**What you will do:**
Wherever "Courtyard" shows up in the records below, copy the whole line.

Source records
►
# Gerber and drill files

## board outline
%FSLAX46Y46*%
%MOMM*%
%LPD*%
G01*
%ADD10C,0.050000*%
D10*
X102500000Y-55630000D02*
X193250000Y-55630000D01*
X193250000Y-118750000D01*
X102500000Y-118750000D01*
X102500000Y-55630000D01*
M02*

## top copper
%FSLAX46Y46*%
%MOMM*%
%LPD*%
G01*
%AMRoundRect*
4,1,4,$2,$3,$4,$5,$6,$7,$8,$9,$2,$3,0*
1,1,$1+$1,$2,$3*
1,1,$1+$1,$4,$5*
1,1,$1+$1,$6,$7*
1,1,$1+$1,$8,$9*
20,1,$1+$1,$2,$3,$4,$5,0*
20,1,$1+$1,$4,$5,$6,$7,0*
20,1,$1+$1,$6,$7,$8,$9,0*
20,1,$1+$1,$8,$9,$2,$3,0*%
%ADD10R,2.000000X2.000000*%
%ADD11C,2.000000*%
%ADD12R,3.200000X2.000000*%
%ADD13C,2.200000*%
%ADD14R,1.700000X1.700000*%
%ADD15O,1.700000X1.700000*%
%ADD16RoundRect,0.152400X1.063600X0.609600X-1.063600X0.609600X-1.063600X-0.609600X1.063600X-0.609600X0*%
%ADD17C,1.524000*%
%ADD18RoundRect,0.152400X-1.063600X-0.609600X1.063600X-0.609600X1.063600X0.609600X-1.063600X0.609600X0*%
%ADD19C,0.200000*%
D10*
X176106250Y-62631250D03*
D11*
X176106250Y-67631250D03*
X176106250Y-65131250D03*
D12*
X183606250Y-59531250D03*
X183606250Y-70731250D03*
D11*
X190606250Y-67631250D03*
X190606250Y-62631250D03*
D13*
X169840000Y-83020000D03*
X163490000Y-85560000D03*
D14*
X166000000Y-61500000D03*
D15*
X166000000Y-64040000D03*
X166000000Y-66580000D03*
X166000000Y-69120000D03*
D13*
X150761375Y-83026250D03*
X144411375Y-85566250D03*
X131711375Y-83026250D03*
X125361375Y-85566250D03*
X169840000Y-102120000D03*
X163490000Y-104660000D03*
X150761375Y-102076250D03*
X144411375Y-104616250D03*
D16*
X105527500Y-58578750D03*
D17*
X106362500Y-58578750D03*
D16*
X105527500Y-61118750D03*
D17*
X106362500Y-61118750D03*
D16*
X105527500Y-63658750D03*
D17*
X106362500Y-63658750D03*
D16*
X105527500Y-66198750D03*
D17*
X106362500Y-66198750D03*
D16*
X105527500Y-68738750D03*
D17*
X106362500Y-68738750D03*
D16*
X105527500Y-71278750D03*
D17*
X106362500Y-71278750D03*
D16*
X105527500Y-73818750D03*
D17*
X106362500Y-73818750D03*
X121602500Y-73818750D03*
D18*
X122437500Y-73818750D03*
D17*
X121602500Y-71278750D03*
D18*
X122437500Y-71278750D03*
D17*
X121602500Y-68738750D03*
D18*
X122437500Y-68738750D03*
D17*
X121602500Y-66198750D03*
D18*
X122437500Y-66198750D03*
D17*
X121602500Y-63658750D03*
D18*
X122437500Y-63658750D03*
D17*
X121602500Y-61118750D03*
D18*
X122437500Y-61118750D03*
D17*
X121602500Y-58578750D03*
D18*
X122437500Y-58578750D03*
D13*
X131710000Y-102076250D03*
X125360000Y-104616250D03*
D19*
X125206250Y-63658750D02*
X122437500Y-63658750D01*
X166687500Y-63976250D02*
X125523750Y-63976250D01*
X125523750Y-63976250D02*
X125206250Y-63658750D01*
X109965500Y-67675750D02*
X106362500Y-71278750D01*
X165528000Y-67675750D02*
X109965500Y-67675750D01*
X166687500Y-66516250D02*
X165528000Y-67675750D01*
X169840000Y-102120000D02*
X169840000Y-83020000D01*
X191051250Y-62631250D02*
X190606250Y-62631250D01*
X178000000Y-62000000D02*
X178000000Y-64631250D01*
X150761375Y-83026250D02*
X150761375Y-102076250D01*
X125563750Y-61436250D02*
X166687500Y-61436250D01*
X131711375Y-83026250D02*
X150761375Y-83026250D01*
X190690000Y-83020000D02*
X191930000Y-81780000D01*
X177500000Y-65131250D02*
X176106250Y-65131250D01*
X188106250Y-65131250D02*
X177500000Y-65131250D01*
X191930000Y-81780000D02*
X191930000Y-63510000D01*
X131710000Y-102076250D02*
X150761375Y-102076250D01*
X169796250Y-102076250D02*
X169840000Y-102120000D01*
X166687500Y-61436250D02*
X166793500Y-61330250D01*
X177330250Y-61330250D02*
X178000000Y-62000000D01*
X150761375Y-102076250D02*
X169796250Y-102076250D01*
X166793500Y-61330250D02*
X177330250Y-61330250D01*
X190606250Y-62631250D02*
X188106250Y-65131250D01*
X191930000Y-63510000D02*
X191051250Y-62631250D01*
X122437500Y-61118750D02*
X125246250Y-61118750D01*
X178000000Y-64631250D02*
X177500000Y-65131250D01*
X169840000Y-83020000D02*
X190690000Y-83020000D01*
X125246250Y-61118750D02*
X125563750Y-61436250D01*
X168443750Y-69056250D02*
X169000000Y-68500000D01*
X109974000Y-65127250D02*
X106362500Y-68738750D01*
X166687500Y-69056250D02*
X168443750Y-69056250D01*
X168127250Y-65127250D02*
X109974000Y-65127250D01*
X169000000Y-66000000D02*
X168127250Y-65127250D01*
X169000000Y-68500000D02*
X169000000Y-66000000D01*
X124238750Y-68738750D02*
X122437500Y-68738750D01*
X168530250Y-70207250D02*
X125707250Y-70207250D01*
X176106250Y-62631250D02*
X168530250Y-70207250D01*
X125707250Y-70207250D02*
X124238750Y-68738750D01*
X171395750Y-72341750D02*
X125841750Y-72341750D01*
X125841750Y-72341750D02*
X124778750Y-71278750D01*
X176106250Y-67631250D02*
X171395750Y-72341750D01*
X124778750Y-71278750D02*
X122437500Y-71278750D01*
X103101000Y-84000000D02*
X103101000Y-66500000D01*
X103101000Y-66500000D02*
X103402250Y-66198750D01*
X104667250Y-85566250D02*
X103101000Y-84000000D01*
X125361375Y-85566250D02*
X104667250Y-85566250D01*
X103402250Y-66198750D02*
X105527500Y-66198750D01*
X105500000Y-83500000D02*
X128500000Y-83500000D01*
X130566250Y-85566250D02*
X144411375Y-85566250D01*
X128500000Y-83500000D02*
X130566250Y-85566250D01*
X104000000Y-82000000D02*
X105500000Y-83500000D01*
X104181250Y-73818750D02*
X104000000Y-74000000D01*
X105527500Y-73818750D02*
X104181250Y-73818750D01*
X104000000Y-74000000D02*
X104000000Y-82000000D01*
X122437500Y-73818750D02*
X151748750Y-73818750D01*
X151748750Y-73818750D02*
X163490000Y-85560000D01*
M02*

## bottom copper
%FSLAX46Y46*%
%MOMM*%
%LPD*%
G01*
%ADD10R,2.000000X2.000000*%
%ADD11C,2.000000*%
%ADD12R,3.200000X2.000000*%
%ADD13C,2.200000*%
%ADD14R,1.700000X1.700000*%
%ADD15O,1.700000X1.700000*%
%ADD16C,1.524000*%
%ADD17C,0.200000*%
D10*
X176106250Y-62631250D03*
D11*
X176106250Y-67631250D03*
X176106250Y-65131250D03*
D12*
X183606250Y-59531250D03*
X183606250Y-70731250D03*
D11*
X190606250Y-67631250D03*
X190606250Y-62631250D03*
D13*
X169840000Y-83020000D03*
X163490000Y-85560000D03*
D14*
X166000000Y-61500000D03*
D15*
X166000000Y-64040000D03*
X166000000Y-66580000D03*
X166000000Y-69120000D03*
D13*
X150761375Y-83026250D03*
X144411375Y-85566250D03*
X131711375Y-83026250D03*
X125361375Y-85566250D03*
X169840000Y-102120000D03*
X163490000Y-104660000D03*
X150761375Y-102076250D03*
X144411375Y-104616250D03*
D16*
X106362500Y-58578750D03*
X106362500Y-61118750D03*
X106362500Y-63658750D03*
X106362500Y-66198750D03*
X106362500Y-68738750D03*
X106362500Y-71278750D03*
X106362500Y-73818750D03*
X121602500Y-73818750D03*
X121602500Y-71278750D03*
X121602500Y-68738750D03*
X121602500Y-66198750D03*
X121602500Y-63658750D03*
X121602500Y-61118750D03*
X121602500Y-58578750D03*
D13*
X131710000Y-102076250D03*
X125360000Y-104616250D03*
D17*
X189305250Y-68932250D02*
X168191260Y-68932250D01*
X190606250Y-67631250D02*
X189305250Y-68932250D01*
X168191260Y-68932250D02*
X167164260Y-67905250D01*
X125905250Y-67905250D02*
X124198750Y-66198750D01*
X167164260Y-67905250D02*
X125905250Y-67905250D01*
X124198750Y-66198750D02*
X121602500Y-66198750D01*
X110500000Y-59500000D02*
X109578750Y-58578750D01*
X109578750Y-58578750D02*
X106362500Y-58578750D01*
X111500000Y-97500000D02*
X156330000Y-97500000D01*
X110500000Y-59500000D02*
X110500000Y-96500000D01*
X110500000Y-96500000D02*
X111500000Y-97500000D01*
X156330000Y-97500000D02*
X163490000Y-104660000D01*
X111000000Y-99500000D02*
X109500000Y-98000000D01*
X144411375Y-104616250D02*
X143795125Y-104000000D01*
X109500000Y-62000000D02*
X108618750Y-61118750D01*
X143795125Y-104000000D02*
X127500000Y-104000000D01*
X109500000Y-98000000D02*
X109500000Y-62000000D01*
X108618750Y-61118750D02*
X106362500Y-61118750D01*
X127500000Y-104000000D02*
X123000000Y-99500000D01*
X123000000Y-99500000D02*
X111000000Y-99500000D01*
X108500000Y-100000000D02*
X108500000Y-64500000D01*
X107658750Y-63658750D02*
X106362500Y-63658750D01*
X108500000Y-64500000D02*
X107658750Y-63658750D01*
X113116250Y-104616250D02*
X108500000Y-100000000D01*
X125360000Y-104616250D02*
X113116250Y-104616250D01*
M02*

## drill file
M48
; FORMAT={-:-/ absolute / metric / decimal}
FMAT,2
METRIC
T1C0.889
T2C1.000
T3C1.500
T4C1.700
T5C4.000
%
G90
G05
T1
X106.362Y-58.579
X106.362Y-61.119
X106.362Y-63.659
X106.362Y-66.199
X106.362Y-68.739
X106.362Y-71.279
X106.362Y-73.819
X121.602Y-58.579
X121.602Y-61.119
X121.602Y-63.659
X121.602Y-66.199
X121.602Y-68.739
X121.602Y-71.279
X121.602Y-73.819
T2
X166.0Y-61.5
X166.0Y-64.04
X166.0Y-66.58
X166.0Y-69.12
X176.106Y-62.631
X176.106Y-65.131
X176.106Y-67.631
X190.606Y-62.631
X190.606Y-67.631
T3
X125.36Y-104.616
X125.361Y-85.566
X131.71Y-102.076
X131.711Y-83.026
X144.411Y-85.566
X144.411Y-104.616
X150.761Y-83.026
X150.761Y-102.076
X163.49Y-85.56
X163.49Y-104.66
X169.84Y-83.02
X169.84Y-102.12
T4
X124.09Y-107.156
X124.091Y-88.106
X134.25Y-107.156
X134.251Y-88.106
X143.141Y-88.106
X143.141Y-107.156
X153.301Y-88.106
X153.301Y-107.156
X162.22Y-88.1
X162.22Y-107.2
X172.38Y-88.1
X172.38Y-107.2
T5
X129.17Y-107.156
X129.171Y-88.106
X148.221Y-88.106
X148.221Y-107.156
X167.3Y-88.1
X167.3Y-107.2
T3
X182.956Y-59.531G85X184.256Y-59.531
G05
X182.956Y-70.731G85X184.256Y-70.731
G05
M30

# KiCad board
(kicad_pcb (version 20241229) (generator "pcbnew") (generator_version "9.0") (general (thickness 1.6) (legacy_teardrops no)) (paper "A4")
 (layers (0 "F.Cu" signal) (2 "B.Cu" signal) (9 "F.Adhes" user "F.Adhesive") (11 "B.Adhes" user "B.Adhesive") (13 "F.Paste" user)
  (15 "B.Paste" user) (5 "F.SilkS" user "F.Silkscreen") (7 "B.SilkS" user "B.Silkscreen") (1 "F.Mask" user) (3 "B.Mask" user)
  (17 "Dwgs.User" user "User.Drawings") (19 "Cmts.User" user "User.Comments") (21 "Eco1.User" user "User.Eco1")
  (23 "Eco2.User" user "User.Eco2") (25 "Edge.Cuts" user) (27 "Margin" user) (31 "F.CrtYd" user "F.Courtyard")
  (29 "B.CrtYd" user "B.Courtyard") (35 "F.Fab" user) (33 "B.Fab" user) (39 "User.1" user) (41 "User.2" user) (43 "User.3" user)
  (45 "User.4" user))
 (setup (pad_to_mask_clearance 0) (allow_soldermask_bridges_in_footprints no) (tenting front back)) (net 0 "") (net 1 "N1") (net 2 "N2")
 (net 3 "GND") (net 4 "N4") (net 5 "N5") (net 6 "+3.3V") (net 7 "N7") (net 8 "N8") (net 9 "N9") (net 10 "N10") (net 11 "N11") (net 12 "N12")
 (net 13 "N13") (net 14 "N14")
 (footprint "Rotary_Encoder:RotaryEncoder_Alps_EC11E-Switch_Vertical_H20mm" (layer "F.Cu") (at 176.10625 62.63125)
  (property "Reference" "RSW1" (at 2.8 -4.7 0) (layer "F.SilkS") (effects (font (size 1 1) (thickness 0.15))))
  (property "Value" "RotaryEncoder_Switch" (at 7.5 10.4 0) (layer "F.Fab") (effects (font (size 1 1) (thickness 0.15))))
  (pad "A" thru_hole rect (at 0 0) (size 2 2) (drill 1) (layers "*.Cu" "*.Mask") (remove_unused_layers no) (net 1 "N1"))
  (pad "B" thru_hole circle (at 0 5) (size 2 2) (drill 1) (layers "*.Cu" "*.Mask") (remove_unused_layers no) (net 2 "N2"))
  (pad "C" thru_hole circle (at 0 2.5) (size 2 2) (drill 1) (layers "*.Cu" "*.Mask") (remove_unused_layers no) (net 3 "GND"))
  (pad "MP" thru_hole rect (at 7.5 -3.1) (size 3.2 2) (drill oval 2.8 1.5) (layers "*.Cu" "*.Mask") (remove_unused_layers no))
  (pad "MP" thru_hole rect (at 7.5 8.1) (size 3.2 2) (drill oval 2.8 1.5) (layers "*.Cu" "*.Mask") (remove_unused_layers no))
  (pad "S1" thru_hole circle (at 14.5 5) (size 2 2) (drill 1) (layers "*.Cu" "*.Mask") (remove_unused_layers no) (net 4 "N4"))
  (pad "S2" thru_hole circle (at 14.5 0) (size 2 2) (drill 1) (layers "*.Cu" "*.Mask") (remove_unused_layers no) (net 3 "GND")))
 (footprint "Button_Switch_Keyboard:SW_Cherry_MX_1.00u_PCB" (layer "F.Cu") (at 169.84 83.02)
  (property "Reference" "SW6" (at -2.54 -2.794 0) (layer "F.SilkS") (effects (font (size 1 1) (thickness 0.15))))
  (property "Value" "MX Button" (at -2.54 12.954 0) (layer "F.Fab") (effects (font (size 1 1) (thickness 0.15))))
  (pad "" np_thru_hole circle (at -7.62 5.08) (size 1.7 1.7) (drill 1.7) (layers "*.Cu" "*.Mask"))
  (pad "" np_thru_hole circle (at -2.54 5.08) (size 4 4) (drill 4) (layers "*.Cu" "*.Mask"))
  (pad "" np_thru_hole circle (at 2.54 5.08) (size 1.7 1.7) (drill 1.7) (layers "*.Cu" "*.Mask"))
  (pad "1" thru_hole circle (at 0 0) (size 2.2 2.2) (drill 1.5) (layers "*.Cu" "*.Mask") (remove_unused_layers no) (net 3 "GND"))
  (pad "2" thru_hole circle (at -6.35 2.54) (size 2.2 2.2) (drill 1.5) (layers "*.Cu" "*.Mask") (remove_unused_layers no) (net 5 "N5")))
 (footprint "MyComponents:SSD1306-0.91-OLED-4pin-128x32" (layer "F.Cu") (at 129.5 59.31)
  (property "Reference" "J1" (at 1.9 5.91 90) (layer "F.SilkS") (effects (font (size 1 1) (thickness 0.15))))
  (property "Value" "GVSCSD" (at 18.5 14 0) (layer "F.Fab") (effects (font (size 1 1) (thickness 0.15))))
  (pad "1" thru_hole rect (at 36.5 2.19) (size 1.7 1.7) (drill 1) (layers "*.Cu" "*.Mask") (remove_unused_layers no) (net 3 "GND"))
  (pad "2" thru_hole oval (at 36.5 4.73) (size 1.7 1.7) (drill 1) (layers "*.Cu" "*.Mask") (remove_unused_layers no) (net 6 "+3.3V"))
  (pad "3" thru_hole oval (at 36.5 7.27) (size 1.7 1.7) (drill 1) (layers "*.Cu" "*.Mask") (remove_unused_layers no) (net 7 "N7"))
  (pad "4" thru_hole oval (at 36.5 9.81) (size 1.7 1.7) (drill 1) (layers "*.Cu" "*.Mask") (remove_unused_layers no) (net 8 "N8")))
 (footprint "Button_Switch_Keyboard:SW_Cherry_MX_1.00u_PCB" (layer "F.Cu") (at 150.761375 83.02625)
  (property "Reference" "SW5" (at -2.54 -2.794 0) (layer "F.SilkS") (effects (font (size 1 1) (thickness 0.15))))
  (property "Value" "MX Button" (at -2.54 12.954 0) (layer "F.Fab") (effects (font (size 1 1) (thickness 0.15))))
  (pad "" np_thru_hole circle (at -7.62 5.08) (size 1.7 1.7) (drill 1.7) (layers "*.Cu" "*.Mask"))
  (pad "" np_thru_hole circle (at -2.54 5.08) (size 4 4) (drill 4) (layers "*.Cu" "*.Mask"))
◄
**Reply:**
  (23 "Eco2.User" user "User.Eco2") (25 "Edge.Cuts" user) (27 "Margin" user) (31 "F.CrtYd" user "F.Courtyard")
  (29 "B.CrtYd" user "B.Courtyard") (35 "F.Fab" user) (33 "B.Fab" user) (39 "User.1" user) (41 "User.2" user) (43 "User.3" user)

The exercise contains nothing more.